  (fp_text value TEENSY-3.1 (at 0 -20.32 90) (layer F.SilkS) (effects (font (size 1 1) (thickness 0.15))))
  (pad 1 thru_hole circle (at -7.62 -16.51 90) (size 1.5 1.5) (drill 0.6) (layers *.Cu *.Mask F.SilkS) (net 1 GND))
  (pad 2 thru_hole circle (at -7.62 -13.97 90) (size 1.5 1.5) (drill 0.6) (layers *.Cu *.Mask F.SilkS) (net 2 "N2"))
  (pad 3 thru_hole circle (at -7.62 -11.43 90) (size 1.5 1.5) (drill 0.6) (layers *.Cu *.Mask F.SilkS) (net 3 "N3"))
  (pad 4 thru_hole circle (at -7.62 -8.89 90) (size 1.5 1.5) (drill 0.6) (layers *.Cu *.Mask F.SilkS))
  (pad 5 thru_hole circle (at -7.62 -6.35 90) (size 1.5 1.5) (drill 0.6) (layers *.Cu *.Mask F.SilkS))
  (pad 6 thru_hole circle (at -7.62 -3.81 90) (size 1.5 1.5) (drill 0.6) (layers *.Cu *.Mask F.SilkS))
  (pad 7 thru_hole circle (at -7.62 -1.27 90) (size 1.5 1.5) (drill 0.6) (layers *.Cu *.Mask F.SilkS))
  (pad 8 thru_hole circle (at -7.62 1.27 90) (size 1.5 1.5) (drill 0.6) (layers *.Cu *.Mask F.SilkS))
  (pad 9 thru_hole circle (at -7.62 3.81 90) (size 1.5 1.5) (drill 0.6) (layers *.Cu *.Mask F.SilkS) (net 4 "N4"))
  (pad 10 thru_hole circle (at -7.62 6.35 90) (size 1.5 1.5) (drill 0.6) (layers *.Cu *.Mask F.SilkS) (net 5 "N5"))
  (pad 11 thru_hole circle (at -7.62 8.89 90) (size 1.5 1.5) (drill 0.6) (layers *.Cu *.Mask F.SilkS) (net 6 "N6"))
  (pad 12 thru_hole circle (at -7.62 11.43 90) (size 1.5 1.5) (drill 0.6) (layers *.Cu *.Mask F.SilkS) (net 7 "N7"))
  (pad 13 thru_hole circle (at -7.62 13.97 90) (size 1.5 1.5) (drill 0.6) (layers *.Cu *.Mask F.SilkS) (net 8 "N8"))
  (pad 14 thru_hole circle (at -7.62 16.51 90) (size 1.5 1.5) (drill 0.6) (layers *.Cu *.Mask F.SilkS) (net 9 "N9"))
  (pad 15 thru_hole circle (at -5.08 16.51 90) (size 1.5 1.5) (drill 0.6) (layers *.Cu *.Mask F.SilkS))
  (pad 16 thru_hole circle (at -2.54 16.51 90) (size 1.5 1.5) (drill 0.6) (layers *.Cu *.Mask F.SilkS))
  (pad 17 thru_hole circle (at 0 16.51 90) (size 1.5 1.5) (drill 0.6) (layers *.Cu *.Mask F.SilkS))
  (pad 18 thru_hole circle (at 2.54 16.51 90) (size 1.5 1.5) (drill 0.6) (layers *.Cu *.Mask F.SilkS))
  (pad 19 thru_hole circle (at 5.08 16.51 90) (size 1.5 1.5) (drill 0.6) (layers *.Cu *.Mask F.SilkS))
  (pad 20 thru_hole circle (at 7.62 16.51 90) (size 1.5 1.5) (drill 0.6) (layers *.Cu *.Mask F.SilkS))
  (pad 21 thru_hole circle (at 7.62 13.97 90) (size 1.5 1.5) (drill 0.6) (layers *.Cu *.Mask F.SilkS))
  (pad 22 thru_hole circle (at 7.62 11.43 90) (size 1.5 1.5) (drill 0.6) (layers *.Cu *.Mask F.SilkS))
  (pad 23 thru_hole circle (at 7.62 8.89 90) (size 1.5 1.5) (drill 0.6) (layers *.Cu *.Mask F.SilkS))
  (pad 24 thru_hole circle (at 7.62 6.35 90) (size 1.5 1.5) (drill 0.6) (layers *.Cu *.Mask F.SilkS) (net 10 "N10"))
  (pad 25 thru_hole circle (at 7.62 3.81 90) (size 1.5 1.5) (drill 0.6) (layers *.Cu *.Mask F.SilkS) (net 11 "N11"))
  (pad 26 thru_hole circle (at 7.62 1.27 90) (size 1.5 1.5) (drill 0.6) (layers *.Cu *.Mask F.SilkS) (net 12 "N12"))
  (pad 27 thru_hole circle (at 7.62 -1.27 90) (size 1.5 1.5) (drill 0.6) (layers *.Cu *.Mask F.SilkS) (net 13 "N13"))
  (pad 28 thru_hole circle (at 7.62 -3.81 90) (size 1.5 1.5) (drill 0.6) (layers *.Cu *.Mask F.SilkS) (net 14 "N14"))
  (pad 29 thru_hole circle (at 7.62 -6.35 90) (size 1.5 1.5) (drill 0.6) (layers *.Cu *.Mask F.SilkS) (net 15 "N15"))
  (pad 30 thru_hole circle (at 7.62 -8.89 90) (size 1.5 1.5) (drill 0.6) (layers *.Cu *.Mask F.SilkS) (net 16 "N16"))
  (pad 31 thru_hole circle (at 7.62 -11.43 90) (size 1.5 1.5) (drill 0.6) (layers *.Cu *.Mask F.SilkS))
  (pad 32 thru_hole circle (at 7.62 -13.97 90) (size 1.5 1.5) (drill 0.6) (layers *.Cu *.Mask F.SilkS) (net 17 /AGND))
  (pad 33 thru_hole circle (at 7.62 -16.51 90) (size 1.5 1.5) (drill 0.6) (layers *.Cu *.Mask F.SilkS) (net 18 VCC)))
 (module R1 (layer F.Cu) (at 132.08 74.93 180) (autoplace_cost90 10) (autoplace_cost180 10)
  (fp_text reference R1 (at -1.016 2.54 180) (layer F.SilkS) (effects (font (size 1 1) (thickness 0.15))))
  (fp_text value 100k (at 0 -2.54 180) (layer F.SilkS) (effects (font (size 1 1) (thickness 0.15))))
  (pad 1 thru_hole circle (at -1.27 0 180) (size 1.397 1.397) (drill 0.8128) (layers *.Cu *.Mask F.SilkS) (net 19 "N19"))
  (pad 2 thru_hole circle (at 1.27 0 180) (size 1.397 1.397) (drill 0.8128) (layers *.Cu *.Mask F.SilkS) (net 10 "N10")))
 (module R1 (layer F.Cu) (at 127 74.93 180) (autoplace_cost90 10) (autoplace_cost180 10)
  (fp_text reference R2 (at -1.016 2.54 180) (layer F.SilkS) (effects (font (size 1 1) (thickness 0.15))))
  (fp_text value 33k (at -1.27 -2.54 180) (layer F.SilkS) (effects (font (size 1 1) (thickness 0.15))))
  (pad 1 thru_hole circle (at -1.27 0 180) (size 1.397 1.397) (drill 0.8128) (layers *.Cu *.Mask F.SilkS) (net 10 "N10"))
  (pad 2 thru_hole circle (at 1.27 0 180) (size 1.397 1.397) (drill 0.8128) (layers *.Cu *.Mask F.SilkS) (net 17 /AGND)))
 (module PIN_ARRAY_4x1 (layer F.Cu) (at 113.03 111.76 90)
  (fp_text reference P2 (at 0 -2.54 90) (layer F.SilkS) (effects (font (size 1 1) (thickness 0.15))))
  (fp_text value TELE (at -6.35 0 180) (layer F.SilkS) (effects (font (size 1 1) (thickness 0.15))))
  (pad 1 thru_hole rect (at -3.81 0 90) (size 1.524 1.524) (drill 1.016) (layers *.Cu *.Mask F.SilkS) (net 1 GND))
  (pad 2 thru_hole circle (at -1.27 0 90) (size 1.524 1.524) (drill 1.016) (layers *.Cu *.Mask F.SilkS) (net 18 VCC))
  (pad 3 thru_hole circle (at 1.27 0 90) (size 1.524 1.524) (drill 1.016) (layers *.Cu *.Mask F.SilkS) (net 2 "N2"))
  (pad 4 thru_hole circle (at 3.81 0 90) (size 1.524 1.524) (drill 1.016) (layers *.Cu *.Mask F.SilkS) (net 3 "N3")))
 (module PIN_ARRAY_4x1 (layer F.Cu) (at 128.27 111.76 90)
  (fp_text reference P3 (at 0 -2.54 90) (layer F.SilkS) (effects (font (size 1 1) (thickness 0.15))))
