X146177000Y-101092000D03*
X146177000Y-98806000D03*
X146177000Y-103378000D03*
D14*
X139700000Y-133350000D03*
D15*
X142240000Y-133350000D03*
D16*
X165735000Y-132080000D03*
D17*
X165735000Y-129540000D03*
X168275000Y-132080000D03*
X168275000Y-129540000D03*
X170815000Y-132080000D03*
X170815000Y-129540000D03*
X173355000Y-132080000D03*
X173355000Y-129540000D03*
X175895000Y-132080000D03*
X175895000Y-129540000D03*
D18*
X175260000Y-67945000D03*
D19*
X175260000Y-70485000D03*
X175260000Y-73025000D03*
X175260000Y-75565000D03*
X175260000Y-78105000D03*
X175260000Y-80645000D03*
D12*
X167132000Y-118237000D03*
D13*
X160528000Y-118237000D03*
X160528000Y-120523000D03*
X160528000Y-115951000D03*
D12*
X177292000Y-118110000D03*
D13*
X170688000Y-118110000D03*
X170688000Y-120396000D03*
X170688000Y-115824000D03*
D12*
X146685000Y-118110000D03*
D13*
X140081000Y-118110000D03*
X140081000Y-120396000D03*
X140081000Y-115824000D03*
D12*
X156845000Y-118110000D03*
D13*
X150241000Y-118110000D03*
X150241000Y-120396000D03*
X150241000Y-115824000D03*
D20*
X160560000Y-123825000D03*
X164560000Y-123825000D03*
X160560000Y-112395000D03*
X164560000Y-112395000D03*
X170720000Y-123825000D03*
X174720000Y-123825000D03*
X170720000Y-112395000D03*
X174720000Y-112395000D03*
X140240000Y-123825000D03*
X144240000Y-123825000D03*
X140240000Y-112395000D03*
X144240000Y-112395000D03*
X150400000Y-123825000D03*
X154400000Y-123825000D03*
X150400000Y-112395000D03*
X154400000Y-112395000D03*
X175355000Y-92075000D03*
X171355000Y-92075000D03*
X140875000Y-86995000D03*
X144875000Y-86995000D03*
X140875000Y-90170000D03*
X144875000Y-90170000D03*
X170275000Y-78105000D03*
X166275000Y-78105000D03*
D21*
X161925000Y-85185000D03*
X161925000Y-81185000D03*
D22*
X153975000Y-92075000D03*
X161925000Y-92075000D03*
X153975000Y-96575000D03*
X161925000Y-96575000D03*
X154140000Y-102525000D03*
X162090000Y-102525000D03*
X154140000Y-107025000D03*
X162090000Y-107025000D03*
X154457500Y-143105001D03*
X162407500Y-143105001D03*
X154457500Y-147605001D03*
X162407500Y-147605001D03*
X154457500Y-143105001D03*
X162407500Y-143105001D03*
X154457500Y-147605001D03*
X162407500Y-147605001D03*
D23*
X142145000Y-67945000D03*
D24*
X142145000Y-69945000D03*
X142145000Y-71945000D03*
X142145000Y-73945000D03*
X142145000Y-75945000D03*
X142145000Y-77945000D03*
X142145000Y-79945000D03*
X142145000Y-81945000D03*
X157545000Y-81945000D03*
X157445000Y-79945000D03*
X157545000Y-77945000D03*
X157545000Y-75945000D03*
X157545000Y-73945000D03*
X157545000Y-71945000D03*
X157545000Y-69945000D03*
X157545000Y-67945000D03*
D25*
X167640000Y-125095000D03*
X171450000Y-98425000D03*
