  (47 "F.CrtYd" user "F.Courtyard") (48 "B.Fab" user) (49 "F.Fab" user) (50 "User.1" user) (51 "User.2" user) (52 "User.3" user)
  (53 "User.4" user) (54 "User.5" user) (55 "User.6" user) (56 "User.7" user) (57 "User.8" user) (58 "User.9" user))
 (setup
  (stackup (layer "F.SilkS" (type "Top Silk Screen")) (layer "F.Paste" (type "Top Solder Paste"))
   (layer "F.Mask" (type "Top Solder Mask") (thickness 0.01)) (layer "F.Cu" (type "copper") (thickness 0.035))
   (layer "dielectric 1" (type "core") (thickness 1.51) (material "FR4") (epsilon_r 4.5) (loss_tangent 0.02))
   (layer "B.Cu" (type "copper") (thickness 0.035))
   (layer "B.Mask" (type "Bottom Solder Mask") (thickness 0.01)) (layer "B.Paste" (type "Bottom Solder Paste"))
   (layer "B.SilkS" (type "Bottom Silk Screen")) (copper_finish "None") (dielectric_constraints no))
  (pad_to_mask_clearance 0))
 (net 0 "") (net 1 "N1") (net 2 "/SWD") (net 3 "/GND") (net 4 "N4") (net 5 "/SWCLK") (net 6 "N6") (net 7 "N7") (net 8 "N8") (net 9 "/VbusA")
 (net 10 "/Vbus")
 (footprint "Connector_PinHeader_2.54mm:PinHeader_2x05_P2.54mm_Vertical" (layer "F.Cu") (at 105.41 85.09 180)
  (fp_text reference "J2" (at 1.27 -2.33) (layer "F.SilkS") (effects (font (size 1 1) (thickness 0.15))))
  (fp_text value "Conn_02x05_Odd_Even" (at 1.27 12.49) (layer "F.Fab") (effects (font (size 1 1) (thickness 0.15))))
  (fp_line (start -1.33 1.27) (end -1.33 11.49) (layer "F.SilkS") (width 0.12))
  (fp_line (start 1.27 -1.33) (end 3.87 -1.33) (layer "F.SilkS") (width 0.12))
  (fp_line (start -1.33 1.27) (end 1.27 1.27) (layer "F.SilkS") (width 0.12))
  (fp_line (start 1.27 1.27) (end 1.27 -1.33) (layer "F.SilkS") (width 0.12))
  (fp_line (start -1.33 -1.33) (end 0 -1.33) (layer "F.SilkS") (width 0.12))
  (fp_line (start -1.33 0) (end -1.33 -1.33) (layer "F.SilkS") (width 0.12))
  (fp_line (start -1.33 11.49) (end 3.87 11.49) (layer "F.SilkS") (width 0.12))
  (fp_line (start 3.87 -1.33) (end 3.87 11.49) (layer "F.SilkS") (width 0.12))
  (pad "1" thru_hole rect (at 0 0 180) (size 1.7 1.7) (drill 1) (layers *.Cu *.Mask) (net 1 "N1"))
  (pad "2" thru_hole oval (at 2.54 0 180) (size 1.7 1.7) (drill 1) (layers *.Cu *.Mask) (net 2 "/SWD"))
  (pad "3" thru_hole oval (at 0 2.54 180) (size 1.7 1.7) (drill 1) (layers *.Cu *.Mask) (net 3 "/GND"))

**Task objective:** Copy out all lines from the material above that contain the string "Solder".

**Written solution:**
  (stackup (layer "F.SilkS" (type "Top Silk Screen")) (layer "F.Paste" (type "Top Solder Paste"))
   (layer "F.Mask" (type "Top Solder Mask") (thickness 0.01)) (layer "F.Cu" (type "copper") (thickness 0.035))
   (layer "B.Mask" (type "Bottom Solder Mask") (thickness 0.01)) (layer "B.Paste" (type "Bottom Solder Paste"))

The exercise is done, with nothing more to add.